Signs Of Life
There are a couple things you ought to know about me. First, I love flowers. When I win the lottery, I'll have beautifully tended gardens in my yard and fresh flowers in gorgeous vases in every room. I definitely have my favorites, among them tulips, colored little cala lilies, big fat peonies, and hydrangeas. Second, I suck at gardening. I don't have the time or patience for it. And although I love the results, I'd just as soon someone else did all the work. Still I've planted my plants over the years, some successfully, some not. But I've never been successful with hydrangeas no matter how many times I've tried and how badly I wanted to be.

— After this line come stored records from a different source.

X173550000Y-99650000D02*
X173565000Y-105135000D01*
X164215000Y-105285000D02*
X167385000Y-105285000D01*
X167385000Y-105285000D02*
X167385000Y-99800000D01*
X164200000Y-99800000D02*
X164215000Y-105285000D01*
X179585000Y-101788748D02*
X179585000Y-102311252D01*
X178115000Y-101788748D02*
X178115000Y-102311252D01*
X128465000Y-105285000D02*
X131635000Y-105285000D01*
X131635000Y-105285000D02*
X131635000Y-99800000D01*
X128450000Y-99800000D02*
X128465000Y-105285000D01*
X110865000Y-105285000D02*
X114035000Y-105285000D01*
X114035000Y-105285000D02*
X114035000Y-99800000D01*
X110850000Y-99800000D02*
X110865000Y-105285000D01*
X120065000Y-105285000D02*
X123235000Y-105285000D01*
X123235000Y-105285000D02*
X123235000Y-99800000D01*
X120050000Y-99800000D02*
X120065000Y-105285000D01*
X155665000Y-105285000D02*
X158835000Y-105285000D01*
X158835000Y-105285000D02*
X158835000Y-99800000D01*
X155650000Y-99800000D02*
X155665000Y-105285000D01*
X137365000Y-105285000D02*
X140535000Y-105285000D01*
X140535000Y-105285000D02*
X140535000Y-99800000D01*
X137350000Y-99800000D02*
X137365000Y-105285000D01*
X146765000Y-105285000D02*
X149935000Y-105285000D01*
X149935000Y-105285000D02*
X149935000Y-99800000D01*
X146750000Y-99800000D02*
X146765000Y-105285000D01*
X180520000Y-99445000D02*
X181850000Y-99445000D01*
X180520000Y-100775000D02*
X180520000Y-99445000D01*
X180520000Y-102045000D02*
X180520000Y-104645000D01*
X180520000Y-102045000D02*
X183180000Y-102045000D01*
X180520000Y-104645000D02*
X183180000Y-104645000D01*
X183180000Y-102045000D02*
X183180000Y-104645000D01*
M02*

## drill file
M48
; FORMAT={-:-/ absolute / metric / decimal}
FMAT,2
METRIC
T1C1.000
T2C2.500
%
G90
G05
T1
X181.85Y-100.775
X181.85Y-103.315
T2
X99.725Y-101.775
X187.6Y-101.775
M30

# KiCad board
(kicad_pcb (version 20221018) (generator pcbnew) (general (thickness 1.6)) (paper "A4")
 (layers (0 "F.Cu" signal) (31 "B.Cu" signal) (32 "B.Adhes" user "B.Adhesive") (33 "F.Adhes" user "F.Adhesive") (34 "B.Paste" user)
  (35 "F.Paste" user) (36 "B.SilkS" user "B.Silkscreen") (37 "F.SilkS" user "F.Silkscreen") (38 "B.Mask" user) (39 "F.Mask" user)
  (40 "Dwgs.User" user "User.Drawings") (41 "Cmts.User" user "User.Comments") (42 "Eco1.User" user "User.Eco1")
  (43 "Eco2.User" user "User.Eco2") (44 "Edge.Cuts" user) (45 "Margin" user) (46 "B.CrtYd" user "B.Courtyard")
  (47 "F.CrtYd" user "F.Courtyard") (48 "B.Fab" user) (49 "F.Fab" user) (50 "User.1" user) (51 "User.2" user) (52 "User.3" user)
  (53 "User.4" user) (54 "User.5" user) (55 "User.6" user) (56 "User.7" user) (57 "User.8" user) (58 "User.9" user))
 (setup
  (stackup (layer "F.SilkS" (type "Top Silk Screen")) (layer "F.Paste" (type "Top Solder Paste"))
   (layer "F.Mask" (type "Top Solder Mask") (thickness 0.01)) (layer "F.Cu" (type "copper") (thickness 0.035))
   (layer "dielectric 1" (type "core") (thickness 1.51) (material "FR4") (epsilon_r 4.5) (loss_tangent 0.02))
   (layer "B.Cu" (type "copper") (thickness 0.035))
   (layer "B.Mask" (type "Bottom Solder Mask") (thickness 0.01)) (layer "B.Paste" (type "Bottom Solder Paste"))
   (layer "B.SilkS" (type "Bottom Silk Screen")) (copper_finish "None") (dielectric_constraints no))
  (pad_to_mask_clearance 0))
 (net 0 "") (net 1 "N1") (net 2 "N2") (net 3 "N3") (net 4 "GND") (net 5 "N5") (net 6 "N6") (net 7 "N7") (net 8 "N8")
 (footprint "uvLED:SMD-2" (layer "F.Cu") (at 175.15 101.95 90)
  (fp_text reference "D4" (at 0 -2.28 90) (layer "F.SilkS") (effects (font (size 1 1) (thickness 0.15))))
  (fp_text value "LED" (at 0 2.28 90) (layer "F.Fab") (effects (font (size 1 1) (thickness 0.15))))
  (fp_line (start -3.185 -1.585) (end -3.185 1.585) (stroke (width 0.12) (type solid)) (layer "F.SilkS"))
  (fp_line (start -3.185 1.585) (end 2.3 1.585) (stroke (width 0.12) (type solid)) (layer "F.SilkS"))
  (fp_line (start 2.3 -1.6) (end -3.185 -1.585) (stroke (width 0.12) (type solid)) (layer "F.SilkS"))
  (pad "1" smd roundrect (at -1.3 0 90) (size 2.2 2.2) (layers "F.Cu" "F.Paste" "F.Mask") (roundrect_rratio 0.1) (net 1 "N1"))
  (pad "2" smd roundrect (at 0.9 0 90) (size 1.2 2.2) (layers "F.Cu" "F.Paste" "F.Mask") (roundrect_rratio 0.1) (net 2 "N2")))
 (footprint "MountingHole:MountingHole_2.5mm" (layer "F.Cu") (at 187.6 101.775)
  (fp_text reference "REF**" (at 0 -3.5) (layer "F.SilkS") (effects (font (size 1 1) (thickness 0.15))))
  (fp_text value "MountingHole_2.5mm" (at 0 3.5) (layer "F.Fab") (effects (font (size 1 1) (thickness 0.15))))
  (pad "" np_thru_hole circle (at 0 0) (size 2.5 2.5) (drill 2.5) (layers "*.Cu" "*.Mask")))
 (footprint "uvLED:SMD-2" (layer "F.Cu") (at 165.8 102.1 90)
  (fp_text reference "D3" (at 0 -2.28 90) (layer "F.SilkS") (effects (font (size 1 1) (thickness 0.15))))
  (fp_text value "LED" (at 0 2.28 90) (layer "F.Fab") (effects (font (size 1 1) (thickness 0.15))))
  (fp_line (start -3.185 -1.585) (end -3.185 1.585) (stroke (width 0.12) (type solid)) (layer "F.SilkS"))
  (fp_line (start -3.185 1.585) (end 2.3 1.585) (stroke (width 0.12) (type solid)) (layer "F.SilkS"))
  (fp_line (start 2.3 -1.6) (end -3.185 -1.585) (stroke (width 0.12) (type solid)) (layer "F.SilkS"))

If you'd visited my home any time in the last 16 months or so, you'd have seen a pathetic little dried up twig in a crappy green plastic pot sitting by the kitchen sink. Most people are too polite to say anything about it but a few asked. Once I explained, they all understood. When Julia was hospitalized in Dec. 2004 she spent her first four days in the PICU (Pediatric Intensive Care). And although we were "lucky" because we had an actual room with our own bathroom, instead of a stall (because our child was too sick to be exposed to other sick kids and the germs they carried) it was still pretty miserable. All the things you can do to make a hospital room seem not so dismal are banned in the PICU. No flowers. No balloons. Dismal.
When Julia got moved to a room on the pediatric floor on New Year's Eve, we were ecstatic. We got the only private room on the floor because she still couldn't be exposed to germs, but at least now we could "decorate." In came the balloons and stuffed animals and I asked Juji what kind of flowers she'd like me to get her. She answered "Hydrangeas." Off I went to the grocery store across the street and came back with a little potted hydrangea. She also asked for a pink cupcake, her first food in a week, and I went to the bakery in tears and demanded they make her one, and they did, and she didn't eat it. But that's a story for another time.

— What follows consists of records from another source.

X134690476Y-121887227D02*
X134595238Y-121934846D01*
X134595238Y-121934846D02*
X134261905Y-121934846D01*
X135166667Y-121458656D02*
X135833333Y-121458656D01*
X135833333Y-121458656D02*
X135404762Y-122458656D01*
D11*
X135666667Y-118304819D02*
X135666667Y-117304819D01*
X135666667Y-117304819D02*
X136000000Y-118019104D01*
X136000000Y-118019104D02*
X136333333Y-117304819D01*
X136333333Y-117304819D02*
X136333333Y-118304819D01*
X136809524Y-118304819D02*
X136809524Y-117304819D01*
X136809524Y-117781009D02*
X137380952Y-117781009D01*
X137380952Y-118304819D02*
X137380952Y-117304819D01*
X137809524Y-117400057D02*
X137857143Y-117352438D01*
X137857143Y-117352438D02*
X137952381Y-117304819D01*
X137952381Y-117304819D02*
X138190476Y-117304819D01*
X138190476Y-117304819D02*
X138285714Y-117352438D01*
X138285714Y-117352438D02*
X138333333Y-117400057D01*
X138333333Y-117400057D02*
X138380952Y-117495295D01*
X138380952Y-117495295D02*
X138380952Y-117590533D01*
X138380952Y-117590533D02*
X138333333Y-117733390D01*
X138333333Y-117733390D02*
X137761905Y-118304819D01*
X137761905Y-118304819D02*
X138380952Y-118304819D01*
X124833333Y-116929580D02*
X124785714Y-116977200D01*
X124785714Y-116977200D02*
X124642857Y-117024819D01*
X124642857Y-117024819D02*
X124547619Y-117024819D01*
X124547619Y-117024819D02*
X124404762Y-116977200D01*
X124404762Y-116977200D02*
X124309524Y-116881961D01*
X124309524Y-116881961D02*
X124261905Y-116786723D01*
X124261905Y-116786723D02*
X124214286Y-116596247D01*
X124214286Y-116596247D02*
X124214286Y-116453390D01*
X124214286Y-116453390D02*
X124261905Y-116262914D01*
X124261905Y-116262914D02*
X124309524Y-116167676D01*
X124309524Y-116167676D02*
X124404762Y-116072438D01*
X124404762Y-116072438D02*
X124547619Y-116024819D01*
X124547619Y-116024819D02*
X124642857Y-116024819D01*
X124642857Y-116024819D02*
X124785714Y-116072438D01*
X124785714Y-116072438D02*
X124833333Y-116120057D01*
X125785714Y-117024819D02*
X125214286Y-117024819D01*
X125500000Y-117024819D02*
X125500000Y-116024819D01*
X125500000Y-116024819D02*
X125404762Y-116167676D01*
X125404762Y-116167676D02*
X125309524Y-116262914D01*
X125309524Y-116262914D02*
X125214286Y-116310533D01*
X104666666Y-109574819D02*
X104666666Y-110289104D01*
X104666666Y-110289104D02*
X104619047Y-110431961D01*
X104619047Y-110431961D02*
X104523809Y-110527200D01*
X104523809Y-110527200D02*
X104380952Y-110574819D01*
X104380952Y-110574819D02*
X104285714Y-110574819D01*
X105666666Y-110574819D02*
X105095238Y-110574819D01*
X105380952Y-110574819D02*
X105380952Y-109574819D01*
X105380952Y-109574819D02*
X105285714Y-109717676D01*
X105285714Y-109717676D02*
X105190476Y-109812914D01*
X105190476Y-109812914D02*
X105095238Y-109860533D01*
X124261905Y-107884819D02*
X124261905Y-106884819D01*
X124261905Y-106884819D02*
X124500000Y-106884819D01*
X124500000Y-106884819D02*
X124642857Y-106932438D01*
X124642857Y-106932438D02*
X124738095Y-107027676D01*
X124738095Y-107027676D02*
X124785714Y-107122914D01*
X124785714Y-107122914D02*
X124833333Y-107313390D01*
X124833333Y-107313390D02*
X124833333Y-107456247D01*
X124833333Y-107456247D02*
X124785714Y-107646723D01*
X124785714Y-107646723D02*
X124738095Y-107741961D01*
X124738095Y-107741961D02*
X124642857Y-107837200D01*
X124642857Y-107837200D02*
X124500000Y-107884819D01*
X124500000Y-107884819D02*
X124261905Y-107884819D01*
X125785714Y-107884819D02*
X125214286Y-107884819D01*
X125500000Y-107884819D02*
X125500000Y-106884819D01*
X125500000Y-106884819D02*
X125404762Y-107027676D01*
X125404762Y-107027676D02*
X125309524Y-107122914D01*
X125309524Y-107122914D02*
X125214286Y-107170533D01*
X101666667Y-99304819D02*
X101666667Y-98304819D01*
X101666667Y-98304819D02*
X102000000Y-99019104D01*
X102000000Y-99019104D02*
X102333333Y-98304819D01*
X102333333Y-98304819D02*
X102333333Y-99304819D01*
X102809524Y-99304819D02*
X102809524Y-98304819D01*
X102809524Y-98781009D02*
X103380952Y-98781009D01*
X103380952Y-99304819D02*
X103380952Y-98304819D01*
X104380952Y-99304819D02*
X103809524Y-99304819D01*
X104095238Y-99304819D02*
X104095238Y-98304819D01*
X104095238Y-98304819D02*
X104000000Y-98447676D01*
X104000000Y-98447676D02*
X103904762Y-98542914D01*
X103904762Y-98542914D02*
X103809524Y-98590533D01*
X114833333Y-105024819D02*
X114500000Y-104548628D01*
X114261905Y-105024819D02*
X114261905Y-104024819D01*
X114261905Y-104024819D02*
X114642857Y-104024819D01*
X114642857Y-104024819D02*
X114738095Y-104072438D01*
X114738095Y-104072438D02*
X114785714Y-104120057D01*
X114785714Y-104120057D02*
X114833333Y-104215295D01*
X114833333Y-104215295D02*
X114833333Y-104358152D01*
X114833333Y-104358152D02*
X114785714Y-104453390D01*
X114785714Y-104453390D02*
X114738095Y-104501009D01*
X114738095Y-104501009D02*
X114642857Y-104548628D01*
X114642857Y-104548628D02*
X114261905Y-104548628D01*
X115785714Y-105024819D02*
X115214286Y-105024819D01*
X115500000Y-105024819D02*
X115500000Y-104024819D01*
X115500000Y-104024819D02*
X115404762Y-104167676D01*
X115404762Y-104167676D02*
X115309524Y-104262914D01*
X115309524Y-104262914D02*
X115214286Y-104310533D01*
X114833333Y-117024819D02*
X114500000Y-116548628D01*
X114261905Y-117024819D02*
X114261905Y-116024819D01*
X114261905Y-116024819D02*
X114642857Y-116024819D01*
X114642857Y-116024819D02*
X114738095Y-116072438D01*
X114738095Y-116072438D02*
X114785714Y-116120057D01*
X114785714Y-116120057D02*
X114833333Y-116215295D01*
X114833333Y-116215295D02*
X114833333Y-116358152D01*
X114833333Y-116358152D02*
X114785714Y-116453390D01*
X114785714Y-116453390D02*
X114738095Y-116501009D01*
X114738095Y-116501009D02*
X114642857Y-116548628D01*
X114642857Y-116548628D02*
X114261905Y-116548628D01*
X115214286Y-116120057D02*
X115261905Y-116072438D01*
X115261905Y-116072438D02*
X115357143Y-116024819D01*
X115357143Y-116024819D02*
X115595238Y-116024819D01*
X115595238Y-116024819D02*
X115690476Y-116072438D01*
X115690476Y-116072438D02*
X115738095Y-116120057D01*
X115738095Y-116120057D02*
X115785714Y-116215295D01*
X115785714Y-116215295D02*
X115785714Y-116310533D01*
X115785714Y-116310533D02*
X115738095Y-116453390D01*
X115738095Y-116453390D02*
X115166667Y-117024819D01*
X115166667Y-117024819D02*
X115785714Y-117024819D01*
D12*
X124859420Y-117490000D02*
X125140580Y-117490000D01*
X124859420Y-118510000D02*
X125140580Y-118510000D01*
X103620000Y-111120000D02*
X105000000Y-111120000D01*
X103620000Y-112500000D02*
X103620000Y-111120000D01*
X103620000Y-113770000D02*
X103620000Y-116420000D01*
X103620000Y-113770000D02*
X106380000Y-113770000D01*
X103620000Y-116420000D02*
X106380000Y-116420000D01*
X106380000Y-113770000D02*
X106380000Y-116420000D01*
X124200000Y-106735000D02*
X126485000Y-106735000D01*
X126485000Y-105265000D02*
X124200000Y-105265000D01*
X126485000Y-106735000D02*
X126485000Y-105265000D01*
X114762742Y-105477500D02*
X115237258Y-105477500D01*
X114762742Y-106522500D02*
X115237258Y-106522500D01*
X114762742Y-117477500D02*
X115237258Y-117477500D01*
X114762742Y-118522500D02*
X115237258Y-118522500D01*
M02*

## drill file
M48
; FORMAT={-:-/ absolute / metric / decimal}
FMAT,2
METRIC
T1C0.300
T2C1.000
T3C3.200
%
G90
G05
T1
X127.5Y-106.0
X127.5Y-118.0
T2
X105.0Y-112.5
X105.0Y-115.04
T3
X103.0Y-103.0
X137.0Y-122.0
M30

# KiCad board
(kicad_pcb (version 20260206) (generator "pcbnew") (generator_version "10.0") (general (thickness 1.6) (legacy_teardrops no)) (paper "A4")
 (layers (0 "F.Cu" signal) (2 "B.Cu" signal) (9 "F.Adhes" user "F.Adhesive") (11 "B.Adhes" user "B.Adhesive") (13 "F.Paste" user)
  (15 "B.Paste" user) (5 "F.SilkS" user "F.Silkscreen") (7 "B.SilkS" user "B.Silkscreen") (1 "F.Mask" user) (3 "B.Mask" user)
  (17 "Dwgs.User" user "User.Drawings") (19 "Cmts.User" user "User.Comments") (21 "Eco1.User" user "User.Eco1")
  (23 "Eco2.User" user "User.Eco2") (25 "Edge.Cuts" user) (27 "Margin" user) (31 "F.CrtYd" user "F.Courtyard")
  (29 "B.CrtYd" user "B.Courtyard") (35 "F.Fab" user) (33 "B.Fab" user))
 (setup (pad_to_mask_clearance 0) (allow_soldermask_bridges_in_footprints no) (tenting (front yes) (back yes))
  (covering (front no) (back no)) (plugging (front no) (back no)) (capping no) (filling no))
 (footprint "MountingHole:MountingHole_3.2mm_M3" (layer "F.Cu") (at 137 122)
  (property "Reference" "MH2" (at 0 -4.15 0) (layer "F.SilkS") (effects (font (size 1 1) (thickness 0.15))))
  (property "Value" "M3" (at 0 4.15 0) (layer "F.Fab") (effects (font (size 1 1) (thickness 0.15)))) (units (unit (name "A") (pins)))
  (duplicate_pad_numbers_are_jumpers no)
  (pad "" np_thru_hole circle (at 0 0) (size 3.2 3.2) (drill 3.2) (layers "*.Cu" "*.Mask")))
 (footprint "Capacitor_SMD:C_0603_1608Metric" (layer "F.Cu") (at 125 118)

Eventually we came home and the plant came with us. I stuck it by the kitchen sink and dutifully watered it and eventually it did what all my plants do: play dead. Still I watered it once in a while, and it continued to have some green leaves, so I couldn't give up on it. Imagine my delight and shock when it sprouted buds earlier this month, and then this week the flowers you see here. I've never ever been able to make a hydrangea grow well. Even the expensive ones in my yard just suck up my water and laugh at me. But this one is special. I'm so glad I didn't throw it away. I got a pretty pink flower pot for it this week; it deserves it. It's like magic every time I glance at it (which is quite a bit considering the amount of time I spend at my kitchen sink each day). I recall the worst and best time of our lives. And in the end, we brought our little flower home, and she's flourished.
2 comments:
Aww... what a sweet story and pretty flower to go with it.